■ TASK TO COMPLETE ■
Nothing but a number is wanted: the count of lines in the records below that include "unlocked".

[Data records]
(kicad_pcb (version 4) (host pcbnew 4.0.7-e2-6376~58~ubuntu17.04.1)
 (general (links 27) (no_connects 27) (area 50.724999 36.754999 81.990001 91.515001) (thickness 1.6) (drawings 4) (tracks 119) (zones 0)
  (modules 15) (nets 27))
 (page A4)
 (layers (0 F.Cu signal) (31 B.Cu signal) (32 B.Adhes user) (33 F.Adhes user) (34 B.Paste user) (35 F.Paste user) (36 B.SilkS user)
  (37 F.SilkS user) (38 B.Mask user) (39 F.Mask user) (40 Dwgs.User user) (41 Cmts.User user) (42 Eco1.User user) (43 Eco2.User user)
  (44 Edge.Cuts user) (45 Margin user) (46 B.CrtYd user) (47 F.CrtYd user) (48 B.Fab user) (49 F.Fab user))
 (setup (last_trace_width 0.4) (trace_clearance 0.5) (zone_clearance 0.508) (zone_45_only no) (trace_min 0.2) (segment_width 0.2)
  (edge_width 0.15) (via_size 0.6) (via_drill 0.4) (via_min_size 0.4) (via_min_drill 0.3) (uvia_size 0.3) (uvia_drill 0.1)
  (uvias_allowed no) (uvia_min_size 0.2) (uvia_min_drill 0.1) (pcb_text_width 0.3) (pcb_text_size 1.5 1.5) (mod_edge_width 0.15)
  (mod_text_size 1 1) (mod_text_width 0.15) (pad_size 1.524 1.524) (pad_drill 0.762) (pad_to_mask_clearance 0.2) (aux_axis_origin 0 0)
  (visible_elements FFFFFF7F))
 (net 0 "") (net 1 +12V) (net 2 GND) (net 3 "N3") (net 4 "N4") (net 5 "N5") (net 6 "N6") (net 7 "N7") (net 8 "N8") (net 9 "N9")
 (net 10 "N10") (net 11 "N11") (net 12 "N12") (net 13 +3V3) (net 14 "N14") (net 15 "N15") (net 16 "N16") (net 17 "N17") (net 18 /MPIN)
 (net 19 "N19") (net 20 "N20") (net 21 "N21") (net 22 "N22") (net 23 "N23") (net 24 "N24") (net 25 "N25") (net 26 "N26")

---

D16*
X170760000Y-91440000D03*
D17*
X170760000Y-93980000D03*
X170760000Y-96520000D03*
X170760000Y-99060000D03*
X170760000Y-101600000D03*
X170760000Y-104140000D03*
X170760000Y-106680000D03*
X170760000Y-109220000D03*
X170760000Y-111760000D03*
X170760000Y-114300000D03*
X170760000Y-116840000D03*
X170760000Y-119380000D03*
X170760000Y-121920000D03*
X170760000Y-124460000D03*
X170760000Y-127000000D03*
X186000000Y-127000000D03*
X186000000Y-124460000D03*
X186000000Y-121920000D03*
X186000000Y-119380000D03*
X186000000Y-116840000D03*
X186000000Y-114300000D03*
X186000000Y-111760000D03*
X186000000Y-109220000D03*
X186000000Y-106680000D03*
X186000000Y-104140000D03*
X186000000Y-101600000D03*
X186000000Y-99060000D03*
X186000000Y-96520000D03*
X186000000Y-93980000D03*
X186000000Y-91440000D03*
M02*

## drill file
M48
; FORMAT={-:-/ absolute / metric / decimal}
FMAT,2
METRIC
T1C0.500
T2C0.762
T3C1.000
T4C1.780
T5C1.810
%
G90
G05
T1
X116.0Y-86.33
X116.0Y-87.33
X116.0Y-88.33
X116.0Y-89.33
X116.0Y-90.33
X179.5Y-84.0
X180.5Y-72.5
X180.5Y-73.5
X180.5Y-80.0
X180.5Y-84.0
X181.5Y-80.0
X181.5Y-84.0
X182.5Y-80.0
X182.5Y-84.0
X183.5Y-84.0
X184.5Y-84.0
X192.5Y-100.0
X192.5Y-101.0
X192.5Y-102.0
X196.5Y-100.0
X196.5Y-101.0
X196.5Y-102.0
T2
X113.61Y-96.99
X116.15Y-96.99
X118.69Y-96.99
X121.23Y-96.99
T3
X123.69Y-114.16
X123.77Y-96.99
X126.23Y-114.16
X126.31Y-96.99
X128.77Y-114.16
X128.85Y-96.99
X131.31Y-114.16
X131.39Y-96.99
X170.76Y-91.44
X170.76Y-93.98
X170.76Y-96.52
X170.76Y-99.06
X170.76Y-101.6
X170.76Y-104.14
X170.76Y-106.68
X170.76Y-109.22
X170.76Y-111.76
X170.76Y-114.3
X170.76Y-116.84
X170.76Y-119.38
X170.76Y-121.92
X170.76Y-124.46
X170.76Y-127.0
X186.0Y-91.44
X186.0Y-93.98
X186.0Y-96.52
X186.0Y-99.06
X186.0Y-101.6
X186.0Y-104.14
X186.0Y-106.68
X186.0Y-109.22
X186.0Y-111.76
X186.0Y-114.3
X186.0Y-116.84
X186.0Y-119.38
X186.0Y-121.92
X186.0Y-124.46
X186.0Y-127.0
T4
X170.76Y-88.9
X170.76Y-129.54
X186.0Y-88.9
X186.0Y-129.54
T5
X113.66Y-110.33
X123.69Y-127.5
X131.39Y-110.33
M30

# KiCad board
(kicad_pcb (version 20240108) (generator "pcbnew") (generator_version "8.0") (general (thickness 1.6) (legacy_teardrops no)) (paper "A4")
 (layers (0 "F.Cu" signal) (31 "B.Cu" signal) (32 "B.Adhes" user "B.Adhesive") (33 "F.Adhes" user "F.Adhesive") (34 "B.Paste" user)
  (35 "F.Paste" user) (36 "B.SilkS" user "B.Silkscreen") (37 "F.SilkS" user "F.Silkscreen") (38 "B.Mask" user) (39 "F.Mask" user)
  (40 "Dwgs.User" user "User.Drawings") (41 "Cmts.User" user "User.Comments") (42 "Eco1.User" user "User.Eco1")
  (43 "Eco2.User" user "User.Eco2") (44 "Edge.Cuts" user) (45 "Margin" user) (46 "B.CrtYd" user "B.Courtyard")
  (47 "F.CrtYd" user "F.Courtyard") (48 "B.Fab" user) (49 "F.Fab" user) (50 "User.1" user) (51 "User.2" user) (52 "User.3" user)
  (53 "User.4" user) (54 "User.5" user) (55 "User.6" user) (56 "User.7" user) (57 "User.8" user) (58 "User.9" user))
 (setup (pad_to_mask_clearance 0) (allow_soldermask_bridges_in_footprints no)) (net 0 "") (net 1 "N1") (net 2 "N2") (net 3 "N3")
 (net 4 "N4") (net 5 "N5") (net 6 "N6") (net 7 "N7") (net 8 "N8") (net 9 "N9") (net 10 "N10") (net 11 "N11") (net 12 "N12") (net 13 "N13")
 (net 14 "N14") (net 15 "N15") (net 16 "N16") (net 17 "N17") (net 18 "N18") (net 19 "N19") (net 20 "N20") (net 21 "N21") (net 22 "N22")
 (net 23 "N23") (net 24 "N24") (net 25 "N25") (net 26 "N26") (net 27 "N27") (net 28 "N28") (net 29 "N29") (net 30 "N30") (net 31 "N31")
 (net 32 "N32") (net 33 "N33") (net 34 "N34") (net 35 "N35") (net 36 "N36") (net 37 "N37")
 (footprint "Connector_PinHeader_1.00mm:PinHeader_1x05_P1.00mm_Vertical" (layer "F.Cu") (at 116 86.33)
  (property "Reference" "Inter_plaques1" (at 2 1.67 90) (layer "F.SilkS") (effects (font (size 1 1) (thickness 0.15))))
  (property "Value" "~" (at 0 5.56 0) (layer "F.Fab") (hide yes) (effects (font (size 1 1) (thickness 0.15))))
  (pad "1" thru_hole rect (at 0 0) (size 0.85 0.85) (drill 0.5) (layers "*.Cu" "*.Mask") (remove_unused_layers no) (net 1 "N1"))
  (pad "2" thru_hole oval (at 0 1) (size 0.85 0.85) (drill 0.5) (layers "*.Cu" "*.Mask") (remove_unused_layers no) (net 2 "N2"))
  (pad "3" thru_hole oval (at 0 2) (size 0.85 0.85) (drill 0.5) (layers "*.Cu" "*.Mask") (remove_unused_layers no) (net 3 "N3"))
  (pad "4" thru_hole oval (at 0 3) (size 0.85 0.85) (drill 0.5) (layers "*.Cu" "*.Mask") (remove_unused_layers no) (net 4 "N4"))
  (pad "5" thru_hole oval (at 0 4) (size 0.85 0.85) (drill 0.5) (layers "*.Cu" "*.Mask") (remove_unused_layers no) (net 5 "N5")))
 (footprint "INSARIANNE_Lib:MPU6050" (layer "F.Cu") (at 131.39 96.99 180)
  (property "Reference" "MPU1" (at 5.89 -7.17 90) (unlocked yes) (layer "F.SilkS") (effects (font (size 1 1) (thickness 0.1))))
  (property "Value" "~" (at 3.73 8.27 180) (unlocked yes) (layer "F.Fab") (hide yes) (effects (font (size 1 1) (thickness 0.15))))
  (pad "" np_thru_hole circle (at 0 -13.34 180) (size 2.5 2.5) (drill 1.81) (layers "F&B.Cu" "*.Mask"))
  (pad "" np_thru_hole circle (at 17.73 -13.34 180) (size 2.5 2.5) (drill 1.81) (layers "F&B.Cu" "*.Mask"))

■ PROBLEM SOLUTION ■
2